Saved data entries
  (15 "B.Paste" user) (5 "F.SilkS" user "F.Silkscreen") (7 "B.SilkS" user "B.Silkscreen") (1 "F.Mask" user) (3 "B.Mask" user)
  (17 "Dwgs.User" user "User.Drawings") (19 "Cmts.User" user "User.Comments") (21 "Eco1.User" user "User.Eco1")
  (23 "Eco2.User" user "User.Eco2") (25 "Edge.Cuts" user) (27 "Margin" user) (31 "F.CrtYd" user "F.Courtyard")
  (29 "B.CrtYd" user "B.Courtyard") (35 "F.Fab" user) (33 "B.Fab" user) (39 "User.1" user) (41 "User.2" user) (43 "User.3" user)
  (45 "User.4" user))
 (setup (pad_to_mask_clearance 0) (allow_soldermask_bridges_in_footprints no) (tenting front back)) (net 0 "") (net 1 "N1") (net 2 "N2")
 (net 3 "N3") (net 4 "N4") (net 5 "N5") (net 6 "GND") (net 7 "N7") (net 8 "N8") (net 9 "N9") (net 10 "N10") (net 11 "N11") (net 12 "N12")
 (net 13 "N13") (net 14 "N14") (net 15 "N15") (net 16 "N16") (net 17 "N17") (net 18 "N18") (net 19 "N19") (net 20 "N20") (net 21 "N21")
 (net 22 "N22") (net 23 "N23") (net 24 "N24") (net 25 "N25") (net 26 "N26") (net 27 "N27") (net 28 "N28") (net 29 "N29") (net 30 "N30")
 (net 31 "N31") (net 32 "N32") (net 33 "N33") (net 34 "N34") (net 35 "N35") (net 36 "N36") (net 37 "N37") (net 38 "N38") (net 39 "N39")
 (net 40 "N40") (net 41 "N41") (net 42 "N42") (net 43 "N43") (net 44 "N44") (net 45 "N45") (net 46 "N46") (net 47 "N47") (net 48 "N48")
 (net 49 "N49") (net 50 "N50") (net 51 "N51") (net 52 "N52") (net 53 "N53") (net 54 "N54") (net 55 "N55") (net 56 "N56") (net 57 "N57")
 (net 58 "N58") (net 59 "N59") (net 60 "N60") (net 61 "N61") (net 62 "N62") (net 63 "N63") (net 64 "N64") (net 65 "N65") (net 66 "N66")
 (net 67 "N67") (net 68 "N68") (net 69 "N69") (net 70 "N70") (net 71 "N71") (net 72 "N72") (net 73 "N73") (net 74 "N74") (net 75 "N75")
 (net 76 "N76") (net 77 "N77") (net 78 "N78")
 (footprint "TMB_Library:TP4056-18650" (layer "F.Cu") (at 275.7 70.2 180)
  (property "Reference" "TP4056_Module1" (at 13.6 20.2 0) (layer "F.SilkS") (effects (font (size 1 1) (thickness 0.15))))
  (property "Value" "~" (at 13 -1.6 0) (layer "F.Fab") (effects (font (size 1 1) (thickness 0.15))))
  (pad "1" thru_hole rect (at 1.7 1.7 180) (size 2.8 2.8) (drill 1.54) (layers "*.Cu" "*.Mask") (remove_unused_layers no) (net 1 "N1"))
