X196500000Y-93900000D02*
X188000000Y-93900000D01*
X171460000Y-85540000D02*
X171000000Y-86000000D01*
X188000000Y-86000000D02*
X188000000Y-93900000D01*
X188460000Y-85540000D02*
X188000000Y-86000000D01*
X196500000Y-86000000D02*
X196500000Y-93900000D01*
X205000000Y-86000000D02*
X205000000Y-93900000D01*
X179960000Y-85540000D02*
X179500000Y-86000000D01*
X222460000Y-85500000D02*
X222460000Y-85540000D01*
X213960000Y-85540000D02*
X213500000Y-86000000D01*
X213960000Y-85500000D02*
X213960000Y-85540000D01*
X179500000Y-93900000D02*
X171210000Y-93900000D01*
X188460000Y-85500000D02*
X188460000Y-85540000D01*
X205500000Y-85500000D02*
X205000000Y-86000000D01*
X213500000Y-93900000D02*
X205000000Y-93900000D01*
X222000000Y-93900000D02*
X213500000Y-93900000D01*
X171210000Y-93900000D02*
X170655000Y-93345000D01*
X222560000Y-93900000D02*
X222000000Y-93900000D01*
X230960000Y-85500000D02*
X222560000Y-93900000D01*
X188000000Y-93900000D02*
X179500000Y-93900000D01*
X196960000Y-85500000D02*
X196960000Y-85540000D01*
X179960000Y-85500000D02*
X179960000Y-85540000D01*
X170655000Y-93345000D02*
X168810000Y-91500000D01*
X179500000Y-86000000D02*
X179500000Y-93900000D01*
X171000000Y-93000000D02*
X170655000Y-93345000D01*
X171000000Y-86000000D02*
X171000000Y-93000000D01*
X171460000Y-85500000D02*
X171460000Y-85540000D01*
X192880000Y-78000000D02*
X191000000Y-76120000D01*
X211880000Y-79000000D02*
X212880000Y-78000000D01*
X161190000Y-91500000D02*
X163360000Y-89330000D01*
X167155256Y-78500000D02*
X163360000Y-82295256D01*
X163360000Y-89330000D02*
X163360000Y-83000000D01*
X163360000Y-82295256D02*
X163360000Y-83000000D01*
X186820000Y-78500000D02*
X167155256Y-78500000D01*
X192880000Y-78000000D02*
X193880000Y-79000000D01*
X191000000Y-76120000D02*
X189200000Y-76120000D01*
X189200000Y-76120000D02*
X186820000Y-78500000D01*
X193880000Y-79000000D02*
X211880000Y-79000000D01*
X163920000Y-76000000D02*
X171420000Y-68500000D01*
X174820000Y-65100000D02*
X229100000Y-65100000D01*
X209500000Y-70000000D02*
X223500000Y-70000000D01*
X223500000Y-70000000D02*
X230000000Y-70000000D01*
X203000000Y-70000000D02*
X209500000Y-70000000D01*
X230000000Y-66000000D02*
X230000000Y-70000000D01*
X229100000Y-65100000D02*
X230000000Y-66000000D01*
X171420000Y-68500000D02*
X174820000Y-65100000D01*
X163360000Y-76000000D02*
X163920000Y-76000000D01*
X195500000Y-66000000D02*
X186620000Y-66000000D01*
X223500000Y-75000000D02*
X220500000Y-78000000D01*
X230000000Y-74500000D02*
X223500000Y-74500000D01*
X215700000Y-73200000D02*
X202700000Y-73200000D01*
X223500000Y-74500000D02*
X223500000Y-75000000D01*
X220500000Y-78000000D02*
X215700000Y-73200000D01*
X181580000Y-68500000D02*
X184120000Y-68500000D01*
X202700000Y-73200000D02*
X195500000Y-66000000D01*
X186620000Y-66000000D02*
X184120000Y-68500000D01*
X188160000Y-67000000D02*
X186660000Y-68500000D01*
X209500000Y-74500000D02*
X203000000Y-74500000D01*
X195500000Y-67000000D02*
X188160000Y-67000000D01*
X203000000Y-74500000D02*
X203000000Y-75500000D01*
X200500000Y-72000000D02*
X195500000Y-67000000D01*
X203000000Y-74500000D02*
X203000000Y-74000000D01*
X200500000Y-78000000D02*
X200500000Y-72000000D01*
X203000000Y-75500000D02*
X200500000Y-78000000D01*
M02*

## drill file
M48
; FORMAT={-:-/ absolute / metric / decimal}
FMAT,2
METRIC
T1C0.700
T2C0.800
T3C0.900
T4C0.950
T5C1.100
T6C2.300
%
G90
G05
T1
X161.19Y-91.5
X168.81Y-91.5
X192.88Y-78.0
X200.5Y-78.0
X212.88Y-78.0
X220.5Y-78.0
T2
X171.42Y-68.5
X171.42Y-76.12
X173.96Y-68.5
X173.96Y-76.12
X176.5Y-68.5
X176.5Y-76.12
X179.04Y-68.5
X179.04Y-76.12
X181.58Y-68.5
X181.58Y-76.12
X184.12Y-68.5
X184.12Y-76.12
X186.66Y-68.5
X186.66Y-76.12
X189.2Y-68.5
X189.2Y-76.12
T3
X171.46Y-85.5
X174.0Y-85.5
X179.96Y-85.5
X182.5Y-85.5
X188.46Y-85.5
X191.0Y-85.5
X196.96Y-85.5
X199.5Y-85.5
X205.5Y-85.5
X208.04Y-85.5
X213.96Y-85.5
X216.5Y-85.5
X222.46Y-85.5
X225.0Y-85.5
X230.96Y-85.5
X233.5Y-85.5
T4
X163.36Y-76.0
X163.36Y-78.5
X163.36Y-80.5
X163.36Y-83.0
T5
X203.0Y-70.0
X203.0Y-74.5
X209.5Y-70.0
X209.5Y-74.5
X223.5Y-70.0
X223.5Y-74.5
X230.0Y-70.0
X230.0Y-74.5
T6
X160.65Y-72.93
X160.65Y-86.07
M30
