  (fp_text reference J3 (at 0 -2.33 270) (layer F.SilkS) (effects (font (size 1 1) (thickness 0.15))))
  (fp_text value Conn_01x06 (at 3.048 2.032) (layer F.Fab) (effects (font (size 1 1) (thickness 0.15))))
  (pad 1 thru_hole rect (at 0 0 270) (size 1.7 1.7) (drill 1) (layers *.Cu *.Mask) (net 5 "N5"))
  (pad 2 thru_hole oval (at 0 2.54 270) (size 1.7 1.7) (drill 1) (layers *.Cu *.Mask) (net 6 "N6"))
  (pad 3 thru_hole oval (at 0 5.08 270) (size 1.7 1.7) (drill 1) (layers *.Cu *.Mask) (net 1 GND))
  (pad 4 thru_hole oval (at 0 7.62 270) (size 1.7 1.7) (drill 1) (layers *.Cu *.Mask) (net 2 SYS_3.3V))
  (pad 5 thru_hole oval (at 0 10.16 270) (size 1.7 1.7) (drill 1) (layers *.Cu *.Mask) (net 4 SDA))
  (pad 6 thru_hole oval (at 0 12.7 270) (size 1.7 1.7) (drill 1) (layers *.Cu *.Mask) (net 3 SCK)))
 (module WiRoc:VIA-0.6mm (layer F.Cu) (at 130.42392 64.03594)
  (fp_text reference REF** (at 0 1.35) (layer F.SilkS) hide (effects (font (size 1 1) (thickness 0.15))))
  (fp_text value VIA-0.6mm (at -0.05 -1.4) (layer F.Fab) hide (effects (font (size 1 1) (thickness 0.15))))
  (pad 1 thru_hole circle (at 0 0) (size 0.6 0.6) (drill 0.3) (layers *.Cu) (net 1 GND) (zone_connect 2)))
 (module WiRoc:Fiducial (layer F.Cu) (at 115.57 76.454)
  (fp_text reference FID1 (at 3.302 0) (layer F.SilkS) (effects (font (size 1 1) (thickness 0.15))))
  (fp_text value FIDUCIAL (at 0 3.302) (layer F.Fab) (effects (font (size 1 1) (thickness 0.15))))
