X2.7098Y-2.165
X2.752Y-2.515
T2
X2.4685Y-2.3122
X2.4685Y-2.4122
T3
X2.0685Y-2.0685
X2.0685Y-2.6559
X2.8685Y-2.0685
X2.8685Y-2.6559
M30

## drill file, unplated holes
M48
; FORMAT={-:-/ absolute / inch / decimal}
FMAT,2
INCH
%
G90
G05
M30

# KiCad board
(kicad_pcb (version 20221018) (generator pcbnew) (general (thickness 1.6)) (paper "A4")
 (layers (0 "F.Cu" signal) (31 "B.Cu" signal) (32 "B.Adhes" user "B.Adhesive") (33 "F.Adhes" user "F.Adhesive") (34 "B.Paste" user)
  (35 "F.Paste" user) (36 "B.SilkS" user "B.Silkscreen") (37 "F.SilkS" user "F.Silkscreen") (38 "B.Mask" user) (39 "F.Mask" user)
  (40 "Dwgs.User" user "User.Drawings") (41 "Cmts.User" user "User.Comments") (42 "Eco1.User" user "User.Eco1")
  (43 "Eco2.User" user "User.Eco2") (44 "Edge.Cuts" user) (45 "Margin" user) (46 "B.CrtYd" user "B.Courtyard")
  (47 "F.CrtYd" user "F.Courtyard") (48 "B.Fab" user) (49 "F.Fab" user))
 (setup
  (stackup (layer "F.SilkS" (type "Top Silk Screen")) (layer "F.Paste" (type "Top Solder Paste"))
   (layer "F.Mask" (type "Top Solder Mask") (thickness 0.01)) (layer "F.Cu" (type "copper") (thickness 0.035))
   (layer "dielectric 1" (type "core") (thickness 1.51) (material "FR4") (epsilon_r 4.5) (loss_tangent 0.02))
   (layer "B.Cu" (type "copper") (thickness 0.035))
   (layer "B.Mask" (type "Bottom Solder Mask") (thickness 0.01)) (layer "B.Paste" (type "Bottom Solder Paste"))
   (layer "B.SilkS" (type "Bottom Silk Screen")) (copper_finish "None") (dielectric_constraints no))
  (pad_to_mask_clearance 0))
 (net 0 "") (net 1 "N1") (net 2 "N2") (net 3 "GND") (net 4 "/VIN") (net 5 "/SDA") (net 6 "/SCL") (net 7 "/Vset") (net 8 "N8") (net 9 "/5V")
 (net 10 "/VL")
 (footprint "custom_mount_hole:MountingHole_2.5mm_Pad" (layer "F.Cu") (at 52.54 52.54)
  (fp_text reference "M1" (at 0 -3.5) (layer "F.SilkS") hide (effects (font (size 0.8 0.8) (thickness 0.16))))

DIRECTIONS:
Transcribe the records above exactly, beginning at the line that contains "X171000000Y-86000000D01*" and ending with the line that contains "X171000000Y-86000000D02*", both included, and nothing else.

WRITTEN REPLY:
X171000000Y-86000000D01*
X188000000Y-86000000D02*
X188000000Y-93900000D01*
X188460000Y-85540000D02*
X188000000Y-86000000D01*
X196500000Y-86000000D02*
X196500000Y-93900000D01*
X205000000Y-86000000D02*
X205000000Y-93900000D01*
X179960000Y-85540000D02*
X179500000Y-86000000D01*
X222460000Y-85500000D02*
X222460000Y-85540000D01*
X213960000Y-85540000D02*
X213500000Y-86000000D01*
X213960000Y-85500000D02*
X213960000Y-85540000D01*
X179500000Y-93900000D02*
X171210000Y-93900000D01*
X188460000Y-85500000D02*
X188460000Y-85540000D01*
X205500000Y-85500000D02*
X205000000Y-86000000D01*
X213500000Y-93900000D02*
X205000000Y-93900000D01*
X222000000Y-93900000D02*
X213500000Y-93900000D01*
X171210000Y-93900000D02*
X170655000Y-93345000D01*
X222560000Y-93900000D02*
X222000000Y-93900000D01*
X230960000Y-85500000D02*
X222560000Y-93900000D01*
X188000000Y-93900000D02*
X179500000Y-93900000D01*
X196960000Y-85500000D02*
X196960000Y-85540000D01*
X179960000Y-85500000D02*
X179960000Y-85540000D01*
X170655000Y-93345000D02*
X168810000Y-91500000D01*
X179500000Y-86000000D02*
X179500000Y-93900000D01*
X171000000Y-93000000D02*
X170655000Y-93345000D01*
X171000000Y-86000000D02*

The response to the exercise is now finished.